**Description of the task**.
Copy the entries exactly, through the "X142000000Y-97650000D02*" line.
** Opening Records supplied block **
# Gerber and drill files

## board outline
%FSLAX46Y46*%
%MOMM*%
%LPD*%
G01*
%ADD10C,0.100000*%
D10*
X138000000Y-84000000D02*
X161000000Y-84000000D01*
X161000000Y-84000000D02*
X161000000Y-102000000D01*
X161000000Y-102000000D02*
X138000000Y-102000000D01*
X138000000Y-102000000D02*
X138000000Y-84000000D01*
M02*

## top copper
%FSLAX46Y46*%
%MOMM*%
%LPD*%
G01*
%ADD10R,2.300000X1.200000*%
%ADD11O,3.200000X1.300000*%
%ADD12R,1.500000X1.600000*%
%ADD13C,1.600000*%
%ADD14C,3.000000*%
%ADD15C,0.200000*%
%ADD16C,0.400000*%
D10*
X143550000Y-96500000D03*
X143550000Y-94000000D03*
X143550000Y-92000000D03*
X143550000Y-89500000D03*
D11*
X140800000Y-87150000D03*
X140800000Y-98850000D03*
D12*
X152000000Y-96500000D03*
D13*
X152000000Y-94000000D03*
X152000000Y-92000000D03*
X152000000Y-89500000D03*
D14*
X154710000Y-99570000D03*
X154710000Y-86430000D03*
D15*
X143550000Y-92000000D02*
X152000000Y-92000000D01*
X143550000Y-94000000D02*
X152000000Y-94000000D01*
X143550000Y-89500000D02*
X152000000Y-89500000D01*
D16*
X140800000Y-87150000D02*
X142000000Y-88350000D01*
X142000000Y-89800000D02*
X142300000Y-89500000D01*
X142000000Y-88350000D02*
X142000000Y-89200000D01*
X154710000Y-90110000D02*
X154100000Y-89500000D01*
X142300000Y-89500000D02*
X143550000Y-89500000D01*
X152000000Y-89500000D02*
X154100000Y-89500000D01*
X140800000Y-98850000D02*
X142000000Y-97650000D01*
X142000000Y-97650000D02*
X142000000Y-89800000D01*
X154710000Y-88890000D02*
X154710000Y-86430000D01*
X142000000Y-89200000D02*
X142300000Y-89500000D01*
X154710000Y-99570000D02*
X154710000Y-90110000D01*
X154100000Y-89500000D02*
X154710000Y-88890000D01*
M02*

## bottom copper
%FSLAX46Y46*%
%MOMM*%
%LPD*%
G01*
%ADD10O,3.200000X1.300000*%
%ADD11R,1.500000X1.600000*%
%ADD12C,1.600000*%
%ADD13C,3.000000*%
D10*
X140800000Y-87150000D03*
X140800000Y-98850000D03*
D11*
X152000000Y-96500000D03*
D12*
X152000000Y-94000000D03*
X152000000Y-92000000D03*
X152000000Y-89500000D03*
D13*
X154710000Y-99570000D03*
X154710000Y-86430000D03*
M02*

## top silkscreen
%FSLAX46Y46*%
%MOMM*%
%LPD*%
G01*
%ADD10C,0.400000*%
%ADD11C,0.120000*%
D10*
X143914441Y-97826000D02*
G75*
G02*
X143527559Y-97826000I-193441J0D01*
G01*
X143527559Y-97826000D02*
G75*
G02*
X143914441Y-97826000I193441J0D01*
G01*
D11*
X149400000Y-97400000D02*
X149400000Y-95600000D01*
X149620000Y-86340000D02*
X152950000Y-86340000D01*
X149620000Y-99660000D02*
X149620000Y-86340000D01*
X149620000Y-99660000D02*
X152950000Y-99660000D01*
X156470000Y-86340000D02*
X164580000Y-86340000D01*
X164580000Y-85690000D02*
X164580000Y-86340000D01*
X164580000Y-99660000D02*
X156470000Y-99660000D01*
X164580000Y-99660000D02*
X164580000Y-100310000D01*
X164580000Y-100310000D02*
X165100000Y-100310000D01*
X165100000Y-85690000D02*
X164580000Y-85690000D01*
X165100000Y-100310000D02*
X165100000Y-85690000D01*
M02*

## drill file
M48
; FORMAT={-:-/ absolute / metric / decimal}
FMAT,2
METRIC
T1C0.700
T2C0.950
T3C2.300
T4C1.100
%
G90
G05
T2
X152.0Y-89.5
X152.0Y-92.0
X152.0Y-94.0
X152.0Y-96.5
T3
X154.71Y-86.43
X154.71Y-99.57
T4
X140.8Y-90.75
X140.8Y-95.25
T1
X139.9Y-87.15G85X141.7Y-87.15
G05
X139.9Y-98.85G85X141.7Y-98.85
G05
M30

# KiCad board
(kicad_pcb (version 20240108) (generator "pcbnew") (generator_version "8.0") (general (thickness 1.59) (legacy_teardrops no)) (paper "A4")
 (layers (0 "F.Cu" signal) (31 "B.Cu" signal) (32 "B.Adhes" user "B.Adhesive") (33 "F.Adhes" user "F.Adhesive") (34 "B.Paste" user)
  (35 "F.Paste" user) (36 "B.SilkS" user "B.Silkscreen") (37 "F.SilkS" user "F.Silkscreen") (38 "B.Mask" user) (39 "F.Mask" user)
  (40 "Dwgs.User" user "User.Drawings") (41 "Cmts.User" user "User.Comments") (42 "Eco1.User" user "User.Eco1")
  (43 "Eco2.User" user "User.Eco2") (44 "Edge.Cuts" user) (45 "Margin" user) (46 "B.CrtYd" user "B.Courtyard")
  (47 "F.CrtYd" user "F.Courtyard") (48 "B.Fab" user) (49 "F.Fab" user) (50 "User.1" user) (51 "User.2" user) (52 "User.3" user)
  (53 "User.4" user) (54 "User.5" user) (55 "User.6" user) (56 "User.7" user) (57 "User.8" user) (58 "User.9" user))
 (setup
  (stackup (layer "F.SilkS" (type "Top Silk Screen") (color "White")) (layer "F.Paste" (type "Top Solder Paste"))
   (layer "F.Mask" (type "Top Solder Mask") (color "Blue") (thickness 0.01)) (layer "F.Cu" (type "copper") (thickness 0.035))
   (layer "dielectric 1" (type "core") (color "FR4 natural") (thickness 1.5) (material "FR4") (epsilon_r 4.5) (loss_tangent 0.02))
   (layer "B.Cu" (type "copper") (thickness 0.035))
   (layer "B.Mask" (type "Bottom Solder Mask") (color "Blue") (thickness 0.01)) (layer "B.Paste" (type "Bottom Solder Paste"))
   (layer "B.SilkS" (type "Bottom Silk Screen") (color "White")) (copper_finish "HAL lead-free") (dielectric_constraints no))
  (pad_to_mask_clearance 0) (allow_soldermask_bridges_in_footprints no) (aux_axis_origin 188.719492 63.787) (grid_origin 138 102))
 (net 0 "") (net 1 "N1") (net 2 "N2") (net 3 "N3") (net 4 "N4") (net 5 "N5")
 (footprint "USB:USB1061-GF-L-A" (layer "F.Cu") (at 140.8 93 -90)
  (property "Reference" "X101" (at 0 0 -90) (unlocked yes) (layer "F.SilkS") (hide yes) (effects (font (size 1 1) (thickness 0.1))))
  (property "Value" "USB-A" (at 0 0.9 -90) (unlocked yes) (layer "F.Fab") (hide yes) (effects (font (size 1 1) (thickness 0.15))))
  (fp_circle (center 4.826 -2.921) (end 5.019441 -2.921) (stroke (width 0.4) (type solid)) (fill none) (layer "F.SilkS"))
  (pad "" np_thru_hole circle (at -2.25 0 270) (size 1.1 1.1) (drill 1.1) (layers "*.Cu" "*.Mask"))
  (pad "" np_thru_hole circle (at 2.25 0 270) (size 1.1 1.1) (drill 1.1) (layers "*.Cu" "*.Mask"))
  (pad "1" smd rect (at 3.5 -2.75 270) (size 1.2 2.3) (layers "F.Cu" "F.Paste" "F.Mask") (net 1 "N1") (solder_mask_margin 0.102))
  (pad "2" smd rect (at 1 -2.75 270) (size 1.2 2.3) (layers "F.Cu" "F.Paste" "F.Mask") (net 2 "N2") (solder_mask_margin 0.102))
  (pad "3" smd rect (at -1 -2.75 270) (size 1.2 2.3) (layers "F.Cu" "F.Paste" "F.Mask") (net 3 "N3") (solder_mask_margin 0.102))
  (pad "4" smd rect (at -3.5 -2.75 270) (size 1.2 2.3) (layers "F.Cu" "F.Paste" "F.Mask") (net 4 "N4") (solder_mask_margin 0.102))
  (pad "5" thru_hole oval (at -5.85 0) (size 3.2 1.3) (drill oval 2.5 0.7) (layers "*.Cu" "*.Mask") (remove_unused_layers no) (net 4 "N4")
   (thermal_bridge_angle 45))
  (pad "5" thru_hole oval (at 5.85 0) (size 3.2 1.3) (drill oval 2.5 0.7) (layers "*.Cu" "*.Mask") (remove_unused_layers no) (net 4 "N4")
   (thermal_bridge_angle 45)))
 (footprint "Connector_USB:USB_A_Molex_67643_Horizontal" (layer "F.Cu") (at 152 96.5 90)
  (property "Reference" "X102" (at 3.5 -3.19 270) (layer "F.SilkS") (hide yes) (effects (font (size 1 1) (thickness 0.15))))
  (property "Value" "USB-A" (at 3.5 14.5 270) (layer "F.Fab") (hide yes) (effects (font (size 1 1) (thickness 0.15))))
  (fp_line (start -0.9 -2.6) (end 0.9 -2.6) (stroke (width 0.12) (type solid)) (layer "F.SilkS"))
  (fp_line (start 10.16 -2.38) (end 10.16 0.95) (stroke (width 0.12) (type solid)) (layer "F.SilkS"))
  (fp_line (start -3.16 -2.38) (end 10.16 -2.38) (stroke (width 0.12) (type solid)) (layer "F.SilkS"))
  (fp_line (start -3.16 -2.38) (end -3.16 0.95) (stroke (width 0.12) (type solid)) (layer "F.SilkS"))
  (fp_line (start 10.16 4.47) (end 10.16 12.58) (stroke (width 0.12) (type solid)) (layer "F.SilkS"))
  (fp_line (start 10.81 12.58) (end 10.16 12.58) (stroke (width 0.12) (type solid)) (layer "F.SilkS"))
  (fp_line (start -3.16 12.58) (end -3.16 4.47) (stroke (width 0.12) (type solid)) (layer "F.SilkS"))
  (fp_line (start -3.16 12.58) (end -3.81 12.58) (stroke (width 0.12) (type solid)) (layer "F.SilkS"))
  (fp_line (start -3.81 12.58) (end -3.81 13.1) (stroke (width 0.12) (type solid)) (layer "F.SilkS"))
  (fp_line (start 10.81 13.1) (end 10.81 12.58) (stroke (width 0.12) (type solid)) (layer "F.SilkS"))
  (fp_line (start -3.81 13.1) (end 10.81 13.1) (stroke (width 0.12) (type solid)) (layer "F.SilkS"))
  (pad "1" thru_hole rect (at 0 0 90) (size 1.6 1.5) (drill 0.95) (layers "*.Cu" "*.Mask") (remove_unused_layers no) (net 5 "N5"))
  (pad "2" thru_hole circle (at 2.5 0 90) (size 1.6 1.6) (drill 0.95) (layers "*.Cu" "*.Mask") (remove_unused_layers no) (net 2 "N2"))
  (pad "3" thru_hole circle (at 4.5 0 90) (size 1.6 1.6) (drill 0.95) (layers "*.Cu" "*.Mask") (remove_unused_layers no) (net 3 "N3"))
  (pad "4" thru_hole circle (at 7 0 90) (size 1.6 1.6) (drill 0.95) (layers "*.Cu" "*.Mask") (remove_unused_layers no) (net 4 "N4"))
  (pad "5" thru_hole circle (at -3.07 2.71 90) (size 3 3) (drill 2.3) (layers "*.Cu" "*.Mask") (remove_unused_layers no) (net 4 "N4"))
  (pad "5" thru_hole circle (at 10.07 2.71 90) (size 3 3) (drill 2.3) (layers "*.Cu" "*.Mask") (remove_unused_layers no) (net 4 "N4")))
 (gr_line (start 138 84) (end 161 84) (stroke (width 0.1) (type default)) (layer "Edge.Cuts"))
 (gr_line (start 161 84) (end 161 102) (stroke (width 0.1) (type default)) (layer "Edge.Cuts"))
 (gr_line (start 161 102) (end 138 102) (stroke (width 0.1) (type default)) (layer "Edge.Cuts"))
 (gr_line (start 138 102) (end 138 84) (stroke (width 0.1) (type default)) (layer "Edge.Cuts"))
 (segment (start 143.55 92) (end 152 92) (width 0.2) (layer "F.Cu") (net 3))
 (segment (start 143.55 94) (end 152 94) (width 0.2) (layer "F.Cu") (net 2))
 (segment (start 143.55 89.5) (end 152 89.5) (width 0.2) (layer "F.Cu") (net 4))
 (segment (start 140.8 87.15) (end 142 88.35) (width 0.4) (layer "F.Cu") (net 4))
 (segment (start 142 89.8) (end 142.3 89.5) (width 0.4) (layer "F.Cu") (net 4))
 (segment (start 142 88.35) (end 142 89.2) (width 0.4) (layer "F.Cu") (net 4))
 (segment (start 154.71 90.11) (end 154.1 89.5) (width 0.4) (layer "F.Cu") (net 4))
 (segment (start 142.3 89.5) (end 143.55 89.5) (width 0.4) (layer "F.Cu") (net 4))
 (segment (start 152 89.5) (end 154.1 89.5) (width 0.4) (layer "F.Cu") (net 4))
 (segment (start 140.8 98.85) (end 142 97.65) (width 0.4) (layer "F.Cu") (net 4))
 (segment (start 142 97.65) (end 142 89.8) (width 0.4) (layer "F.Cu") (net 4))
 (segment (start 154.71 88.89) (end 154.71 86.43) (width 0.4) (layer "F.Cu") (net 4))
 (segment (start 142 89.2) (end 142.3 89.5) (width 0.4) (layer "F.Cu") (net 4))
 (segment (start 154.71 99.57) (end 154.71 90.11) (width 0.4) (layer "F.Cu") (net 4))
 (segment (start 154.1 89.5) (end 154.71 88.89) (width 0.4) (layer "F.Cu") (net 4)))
** Closing Records supplied block **
**Solution to this task**.
# Gerber and drill files

## board outline
%FSLAX46Y46*%
%MOMM*%
%LPD*%
G01*
%ADD10C,0.100000*%
D10*
X138000000Y-84000000D02*
X161000000Y-84000000D01*
X161000000Y-84000000D02*
X161000000Y-102000000D01*
X161000000Y-102000000D02*
X138000000Y-102000000D01*
X138000000Y-102000000D02*
X138000000Y-84000000D01*
M02*

## top copper
%FSLAX46Y46*%
%MOMM*%
%LPD*%
G01*
%ADD10R,2.300000X1.200000*%
%ADD11O,3.200000X1.300000*%
%ADD12R,1.500000X1.600000*%
%ADD13C,1.600000*%
%ADD14C,3.000000*%
%ADD15C,0.200000*%
%ADD16C,0.400000*%
D10*
X143550000Y-96500000D03*
X143550000Y-94000000D03*
X143550000Y-92000000D03*
X143550000Y-89500000D03*
D11*
X140800000Y-87150000D03*
X140800000Y-98850000D03*
D12*
X152000000Y-96500000D03*
D13*
X152000000Y-94000000D03*
X152000000Y-92000000D03*
X152000000Y-89500000D03*
D14*
X154710000Y-99570000D03*
X154710000Y-86430000D03*
D15*
X143550000Y-92000000D02*
X152000000Y-92000000D01*
X143550000Y-94000000D02*
X152000000Y-94000000D01*
X143550000Y-89500000D02*
X152000000Y-89500000D01*
D16*
X140800000Y-87150000D02*
X142000000Y-88350000D01*
X142000000Y-89800000D02*
X142300000Y-89500000D01*
X142000000Y-88350000D02*
X142000000Y-89200000D01*
X154710000Y-90110000D02*
X154100000Y-89500000D01*
X142300000Y-89500000D02*
X143550000Y-89500000D01*
X152000000Y-89500000D02*
X154100000Y-89500000D01*
X140800000Y-98850000D02*
X142000000Y-97650000D01*
X142000000Y-97650000D02*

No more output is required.